Mariusz Hersmandorfer i Bożena Kowalska, kuratorzy wystawy, fot. Barbara Lekarczyk-Cisek |
Medytacja i ekspresja
Tytuł wystawy
sugeruje, iż mamy do czynienia z dwiema odrębnymi postawami twórczymi.
Nie
znaczy to jednak - wyjaśniała podczas spotkania a dziennikarzami Bożena
Kowalska - że dzieła twórców spod znaku ekspresji wyzbyte są
elementu medytacji, a określone medytacyjnymi - pozbawione ekspresji. Istnieją
w różnych proporcjach i inaczej są wyrażone. Ekspresja w sztuce
przedstawiającej, bliskiej surrealnemu widzeniu świata, ma charakter
bezpośredni. Łączy się z wyrażonym gestem albo surrealnym zestawieniem przedmiotów
i jest intensywnie odbierana przez patrzącego, podczas gdy ekspresja abstrakcji
geometrycznej jest bardzo dyskretna Medytacja znajduje się również w obu
tych rodzajach sztuki, ale ma nieco inny charakter. W sztukach
przedstawiających jest jakby bliżej człowieka indywidualnie przeżywającego
świat, człowieka społecznego, nawet człowieka politycznego. Natomiast ta
medytacja, która jest najważniejszym elementem sztuki geometrycznej,
abstrakcyjnej, należy do świata pojęć wyabstrahowanych.

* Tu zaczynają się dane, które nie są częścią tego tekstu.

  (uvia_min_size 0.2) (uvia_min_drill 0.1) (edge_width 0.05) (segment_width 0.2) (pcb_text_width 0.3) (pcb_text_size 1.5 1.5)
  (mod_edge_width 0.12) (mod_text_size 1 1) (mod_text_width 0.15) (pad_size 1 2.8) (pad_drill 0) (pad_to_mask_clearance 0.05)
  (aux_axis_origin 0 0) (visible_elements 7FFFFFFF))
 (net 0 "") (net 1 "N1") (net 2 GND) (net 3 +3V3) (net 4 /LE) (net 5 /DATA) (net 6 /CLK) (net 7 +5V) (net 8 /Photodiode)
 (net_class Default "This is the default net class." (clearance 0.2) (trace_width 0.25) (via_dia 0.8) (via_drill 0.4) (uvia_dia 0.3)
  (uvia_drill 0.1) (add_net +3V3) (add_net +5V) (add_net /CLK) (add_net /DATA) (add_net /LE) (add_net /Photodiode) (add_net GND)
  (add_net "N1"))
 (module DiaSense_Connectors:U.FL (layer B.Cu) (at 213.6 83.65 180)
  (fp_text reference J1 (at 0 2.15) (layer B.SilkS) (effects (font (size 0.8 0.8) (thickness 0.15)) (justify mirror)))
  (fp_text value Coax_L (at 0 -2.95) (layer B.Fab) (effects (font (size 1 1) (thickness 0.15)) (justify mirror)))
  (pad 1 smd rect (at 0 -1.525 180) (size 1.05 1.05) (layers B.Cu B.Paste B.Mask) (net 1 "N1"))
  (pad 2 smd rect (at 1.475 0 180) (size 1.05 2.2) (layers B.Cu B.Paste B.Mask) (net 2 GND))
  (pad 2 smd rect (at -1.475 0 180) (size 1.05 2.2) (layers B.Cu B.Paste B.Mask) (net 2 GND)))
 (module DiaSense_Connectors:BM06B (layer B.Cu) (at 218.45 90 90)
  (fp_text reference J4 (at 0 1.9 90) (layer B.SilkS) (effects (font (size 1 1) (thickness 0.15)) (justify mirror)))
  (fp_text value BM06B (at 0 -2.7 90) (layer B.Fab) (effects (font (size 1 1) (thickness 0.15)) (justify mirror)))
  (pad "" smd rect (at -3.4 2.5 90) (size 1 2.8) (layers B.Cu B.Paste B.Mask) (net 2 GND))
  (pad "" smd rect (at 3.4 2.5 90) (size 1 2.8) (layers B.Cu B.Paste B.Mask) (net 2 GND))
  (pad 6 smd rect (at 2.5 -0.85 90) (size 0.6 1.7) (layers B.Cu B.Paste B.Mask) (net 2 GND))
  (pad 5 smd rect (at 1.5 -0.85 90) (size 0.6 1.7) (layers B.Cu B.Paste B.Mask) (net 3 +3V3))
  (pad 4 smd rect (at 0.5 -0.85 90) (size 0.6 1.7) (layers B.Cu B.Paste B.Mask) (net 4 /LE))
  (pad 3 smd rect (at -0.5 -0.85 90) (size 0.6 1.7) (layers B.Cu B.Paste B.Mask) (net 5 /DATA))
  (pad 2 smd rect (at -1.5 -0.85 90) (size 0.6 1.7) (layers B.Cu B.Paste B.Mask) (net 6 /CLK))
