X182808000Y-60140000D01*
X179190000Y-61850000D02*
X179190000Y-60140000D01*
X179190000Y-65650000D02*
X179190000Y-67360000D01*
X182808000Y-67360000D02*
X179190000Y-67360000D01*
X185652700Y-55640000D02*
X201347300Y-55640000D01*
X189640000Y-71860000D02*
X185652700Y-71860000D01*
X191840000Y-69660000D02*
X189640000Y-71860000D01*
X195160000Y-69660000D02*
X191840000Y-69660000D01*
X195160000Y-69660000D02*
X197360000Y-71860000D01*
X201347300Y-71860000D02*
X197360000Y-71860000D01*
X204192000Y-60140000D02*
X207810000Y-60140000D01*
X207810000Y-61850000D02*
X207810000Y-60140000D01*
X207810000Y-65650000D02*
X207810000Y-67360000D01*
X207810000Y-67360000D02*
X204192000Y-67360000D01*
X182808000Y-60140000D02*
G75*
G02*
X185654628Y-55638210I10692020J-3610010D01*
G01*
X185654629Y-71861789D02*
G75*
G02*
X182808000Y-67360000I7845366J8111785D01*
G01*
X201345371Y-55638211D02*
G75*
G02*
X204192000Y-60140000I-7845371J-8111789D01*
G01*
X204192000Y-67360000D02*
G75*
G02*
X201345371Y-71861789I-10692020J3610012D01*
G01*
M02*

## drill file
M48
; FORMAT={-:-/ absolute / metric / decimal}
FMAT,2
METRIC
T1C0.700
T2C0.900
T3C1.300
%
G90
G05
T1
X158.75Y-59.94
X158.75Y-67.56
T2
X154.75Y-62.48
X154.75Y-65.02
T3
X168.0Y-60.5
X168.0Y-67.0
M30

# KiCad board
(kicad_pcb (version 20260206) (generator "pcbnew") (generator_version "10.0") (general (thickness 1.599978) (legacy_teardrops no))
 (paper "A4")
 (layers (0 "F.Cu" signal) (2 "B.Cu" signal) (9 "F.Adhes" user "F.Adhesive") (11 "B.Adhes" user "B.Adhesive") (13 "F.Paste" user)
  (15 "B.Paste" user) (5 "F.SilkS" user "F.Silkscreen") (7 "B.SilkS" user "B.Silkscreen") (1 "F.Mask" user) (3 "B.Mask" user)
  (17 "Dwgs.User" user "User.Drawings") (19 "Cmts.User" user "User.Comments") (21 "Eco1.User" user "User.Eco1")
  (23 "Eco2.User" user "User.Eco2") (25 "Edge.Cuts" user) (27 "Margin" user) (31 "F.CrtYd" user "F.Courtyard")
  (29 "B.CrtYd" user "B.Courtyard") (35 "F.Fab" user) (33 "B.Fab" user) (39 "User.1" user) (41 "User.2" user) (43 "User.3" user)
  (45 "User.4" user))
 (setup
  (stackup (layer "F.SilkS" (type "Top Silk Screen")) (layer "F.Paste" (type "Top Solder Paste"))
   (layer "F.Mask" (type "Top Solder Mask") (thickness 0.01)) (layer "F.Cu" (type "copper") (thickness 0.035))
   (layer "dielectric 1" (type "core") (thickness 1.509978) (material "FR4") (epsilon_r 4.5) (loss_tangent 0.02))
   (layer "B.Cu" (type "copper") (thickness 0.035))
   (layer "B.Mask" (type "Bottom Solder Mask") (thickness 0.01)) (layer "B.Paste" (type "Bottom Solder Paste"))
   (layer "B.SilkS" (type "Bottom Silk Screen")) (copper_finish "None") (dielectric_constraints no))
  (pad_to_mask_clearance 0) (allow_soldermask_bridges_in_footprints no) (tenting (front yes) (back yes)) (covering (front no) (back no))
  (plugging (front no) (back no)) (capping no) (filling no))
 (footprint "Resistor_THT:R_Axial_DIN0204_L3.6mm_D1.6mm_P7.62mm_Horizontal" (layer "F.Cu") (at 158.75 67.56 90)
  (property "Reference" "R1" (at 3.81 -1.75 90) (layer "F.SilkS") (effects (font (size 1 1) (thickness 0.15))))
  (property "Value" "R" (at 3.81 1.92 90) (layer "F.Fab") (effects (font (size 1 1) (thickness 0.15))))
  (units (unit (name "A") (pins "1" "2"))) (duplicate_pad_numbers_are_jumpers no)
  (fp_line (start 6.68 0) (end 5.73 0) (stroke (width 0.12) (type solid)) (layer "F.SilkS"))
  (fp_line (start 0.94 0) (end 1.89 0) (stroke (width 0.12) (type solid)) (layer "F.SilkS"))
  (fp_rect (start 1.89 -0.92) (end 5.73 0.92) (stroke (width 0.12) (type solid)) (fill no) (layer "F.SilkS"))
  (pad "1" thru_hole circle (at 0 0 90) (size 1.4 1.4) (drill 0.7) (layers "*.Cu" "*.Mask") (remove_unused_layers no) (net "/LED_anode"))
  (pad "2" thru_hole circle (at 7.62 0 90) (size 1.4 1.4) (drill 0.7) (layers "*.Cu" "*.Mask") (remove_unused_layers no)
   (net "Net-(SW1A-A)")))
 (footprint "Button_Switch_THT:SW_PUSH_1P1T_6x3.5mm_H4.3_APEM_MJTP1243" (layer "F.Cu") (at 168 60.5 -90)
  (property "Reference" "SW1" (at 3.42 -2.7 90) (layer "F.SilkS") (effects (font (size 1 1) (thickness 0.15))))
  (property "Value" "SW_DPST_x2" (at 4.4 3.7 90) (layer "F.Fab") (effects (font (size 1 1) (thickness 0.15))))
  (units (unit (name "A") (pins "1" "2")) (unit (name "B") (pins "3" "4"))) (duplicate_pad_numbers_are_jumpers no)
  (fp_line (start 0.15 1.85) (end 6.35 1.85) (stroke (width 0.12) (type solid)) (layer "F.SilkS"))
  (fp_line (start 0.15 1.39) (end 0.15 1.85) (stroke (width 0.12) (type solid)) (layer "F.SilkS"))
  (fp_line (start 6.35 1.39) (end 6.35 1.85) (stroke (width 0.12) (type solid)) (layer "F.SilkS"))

Jako przykład Kowalska przytoczyła twórczość dwóch artystów: Aliny Szapocznikow i Romana Opałki, którzy podejmowali zagadnienia czasu i przemijania jako najważniejsze w swojej twórczości. Otóż kiedy pojawiła się starość z jej widomymi oznakami, Szapocznikow pokazywała przemijanie czasu za pomocą deformacji i fizycznego rozpadu. Natomiast Roman Opałka przez wiele lat robił sobie codziennie, pod koniec całodziennej pracy malarskiej, zdjęcie na tle obrazu i za każdym jego twarz była znieruchomiała i bez wyrazu. Na wystawie zaprezentowano dwa jego zdjęcia: pierwsze z czasów, kiedy był młody, drugie - kiedy twarz pokrywają mu głębokie bruzdy, włosy ma siwe, a oczy pozbawione blasku. Brak w nich jednak zupełnie ekspresji - są zobiektywizowane. Na tym właśnie polega różnica pomiędzy przedstawionymi pracami. Zestawienie na wystawie tych dwóch rodzajów ekspresji pozwala dostrzec owe różnice i eksponuje je.
Galeria "w podróży"
Właścicielka
galerii i koordynatorka wystawy - Magdalena Mielnicka -
opowiedziała o okolicznościach jej powstania, a także o szczególnym miejscu, w
jakim się ona znajduje - na Dworcu Głównym we Wrocławiu:
Wystawa
powstała w dużej mierze dzięki udziałowi w ESK i stanowi jedno z ważnych
wydarzeń tego roku. Dla mnie najważniejsza jest publiczność. Przychodzą bardzo
różni widzowie, często niezwykli, dzięki temu, że wystawa znajduje się na
dworcu. Galeria istnieje dopiero cztery lata, więc tak znacząca wystawa nie
mogłaby powstać, gdyby nie udział w niej wybitnych krytyków. Dla mnie przygoda
z fundacją [ALL That Art! ] zaczęła się właśnie od spotkania z
publicznością, która wyraziła zapotrzebowanie na krytykę sztuki. A obecność
dworca jest dla galerii sprawą kluczową. Dzięki niemu galeria jest niezwykle
inspirującym miejscem, gdzie czas mierzony jest nieustanną podróżą.
Obrazy,
zdjęcia, instalacje i rzeźby wybitnych polskich artystów można oglądać na
Dworcu Głównym we Wrocławiu, w galerii Art Main Station do 24
czerwca 2016 roku, od wtorku do niedzieli.
Artykuł ukazał się w marcu 2016 roku na portalu Kulturaonline.